Search code examples
javaregexjsoup

System.out.print removes Matcher class exception


So I was using Jsoup to crawl some web pages and this wired issue happens.

With the regex expression of

// Sets the prefix for all pages to prevent navigate to unwanted pages.
String prefix = "https://handbook.unimelb.edu.au/%d/subjects";
// Postfix for search page
String searchPostfix = "(\\?page=\\d+)?$";
// Postfix for subject page
String subjectPostfix = "\\/(\\w+)(\\/.+)?$";

String root = String.format(prefix, "2019");
String pattern = root.replace("/", "\\/").replace(".", "\\.");
Pattern reg1 = Pattern.compile("^" + pattern + searchPostfix);
Pattern reg2 = Pattern.compile("^" + pattern + subjectPostfix);

With these regex patterns. I ran it with string

String s1 = "https://handbook.unimelb.edu.au/2019/subjects/undergraduate";

And with a method:

private String getSubjectCode(String link) {
    System.out.println(link);
    if (isSubjectPage(link)) {
        Matcher subjectMatcher = subjectPattern.matcher(link);
        System.out.println(link);
        // System.out.println(subjectMatcher.matches());   ## Exception if commented
        System.out.println(subjectMatcher.group(0));
        System.out.println(subjectMatcher.group(1));


        return subjectMatcher.group(1);
    }
    return null;
}

What will happen is, if I left that commented line uncommented, the program ran well.

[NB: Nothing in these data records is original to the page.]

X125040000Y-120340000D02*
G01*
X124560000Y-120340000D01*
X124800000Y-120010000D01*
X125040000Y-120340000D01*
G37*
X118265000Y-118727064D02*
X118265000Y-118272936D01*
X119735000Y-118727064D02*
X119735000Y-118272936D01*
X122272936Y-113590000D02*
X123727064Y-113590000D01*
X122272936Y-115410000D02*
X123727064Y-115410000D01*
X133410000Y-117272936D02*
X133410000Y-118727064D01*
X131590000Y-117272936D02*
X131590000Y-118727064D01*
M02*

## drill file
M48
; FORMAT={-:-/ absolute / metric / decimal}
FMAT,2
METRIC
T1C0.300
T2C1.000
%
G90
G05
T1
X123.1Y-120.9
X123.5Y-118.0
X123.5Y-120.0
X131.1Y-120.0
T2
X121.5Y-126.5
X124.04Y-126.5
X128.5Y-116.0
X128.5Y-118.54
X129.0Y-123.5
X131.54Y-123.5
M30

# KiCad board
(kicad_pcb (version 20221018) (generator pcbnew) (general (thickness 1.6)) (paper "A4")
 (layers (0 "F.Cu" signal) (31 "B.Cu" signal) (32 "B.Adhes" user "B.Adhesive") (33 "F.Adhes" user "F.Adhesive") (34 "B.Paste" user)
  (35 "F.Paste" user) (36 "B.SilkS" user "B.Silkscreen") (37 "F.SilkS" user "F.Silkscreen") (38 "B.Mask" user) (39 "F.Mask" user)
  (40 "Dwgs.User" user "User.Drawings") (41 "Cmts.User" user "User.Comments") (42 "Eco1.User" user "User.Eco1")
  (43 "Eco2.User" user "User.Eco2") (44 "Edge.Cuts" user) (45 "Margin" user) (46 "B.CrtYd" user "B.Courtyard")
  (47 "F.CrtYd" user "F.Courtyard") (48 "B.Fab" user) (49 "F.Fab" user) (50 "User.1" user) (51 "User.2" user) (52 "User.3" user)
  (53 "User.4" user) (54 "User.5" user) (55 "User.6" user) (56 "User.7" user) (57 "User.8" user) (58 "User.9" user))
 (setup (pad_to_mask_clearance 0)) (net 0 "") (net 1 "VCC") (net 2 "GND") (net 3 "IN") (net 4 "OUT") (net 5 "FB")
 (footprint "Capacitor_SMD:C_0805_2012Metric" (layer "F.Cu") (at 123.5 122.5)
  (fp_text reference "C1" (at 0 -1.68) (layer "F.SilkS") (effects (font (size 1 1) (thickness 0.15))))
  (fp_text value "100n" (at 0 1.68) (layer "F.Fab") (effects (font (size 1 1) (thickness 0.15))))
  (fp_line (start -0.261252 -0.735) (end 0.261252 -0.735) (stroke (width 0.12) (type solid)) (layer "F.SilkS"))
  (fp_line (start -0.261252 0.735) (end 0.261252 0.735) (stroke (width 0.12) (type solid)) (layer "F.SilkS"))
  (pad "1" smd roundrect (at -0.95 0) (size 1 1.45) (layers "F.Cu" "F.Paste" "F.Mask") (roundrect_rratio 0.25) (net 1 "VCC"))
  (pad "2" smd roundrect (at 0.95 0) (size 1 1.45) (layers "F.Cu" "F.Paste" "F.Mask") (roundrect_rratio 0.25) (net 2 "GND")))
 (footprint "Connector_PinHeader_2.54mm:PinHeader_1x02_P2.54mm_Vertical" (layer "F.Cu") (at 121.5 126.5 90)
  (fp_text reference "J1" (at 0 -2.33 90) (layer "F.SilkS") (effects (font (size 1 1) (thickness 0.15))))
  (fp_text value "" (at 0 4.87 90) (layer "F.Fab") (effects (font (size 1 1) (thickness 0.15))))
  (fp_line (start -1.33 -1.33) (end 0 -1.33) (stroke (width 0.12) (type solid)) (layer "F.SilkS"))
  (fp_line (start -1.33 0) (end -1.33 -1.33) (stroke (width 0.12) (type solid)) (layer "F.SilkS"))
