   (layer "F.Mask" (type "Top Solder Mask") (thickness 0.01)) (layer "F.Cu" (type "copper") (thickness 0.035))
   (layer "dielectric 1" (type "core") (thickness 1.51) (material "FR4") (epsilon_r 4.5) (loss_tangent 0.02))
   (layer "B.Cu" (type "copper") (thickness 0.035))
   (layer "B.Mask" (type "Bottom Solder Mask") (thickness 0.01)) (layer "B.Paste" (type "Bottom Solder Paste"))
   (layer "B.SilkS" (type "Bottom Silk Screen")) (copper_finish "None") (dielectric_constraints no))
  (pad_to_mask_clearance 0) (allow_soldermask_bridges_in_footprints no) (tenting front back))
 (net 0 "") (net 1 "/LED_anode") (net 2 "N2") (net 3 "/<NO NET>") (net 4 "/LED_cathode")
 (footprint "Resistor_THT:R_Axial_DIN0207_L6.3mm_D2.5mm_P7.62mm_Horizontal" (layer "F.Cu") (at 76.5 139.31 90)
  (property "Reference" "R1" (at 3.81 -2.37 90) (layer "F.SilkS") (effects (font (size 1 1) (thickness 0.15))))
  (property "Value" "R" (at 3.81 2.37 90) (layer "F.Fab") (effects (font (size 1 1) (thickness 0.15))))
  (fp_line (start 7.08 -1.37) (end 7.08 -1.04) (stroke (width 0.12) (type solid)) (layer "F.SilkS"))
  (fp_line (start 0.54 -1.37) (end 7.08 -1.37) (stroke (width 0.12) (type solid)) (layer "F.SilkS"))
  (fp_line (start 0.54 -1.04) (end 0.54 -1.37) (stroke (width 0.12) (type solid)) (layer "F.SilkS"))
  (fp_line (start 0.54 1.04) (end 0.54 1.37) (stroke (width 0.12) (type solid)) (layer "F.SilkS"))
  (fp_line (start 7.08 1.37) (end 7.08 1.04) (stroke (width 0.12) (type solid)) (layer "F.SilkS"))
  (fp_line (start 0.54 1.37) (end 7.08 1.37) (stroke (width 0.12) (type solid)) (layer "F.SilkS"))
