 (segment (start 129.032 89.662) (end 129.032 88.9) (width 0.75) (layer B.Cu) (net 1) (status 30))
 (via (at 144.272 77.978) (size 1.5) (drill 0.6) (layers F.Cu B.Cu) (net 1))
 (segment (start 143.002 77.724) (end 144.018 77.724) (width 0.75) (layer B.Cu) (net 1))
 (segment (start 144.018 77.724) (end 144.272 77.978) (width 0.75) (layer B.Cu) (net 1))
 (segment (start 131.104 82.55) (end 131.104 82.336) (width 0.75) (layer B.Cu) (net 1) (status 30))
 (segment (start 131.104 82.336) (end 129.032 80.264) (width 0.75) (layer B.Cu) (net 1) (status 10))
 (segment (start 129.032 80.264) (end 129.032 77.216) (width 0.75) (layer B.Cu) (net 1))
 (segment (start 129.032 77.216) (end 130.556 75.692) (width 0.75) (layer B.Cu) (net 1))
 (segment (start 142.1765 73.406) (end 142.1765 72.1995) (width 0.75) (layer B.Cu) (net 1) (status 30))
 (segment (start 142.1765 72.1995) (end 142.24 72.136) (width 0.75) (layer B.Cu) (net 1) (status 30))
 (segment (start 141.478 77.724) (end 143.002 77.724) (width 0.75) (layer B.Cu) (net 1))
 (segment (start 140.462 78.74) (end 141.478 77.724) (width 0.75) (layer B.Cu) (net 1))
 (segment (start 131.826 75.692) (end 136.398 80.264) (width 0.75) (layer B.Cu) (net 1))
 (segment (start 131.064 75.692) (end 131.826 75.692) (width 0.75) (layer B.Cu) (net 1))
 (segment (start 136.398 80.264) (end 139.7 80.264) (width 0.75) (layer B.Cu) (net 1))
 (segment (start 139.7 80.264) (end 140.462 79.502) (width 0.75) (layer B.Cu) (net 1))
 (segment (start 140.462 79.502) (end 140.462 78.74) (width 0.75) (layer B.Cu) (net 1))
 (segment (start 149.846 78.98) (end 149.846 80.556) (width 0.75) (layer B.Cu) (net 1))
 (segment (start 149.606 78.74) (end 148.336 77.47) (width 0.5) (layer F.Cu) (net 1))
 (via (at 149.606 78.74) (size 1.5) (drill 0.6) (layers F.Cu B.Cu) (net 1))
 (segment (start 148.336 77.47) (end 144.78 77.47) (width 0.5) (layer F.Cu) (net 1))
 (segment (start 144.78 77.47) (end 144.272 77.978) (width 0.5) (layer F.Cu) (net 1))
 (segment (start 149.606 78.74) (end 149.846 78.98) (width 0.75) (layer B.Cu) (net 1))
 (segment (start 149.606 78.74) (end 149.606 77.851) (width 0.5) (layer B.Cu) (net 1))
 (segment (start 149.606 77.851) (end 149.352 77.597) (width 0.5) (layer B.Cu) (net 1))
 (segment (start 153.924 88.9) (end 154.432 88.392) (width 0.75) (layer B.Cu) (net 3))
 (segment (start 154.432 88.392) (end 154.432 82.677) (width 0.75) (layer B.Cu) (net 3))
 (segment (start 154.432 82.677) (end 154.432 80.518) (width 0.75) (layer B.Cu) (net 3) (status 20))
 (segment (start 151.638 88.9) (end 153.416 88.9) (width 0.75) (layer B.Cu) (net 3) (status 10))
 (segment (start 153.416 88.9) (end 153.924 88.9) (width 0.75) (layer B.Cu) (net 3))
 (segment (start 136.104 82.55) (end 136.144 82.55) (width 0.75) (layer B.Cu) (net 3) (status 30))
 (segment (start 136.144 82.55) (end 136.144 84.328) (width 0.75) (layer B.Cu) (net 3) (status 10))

However, if I comment that line

Exception in thread "main" java.lang.IllegalStateException: No match found
    at java.base/java.util.regex.Matcher.group(Matcher.java:645)
    at Page.Pages.getSubjectCode(Pages.java:54)
    at Page.Pages.enqueue(Pages.java:85)
    at Crawler.Crawler.parsePage(Crawler.java:41)
    at Crawler.Crawler.crawl(Crawler.java:51)
    at Main.main(Main.java:9)

The above Exception will be raised, why will a print line affect how the program is running?

Also, without comment

System.out.println(subjectMatcher.matches());   // Exception if commented
// out -> true

Solution

  • It is not System.out.println that causes the difference, but a side-effect of calling the method matches().

    This is explained in the JavaDocs of Matcher

    A matcher is created from a pattern by invoking the pattern's matcher method. Once created, a matcher can be used to perform three different kinds of match operations:

    • The matches method attempts to match the entire input sequence against the pattern.
    • The lookingAt method attempts to match the input sequence, starting at the beginning, against the pattern.
    • The find method scans the input sequence looking for the next subsequence that matches the pattern.

    And

    The explicit state of a matcher is initially undefined; attempting to query any part of it before a successful match will cause an IllegalStateException to be thrown. The explicit state of a matcher is recomputed by every match operation.

    You need to call either matches, lookingAt or find before you can perform further queries such as group(0).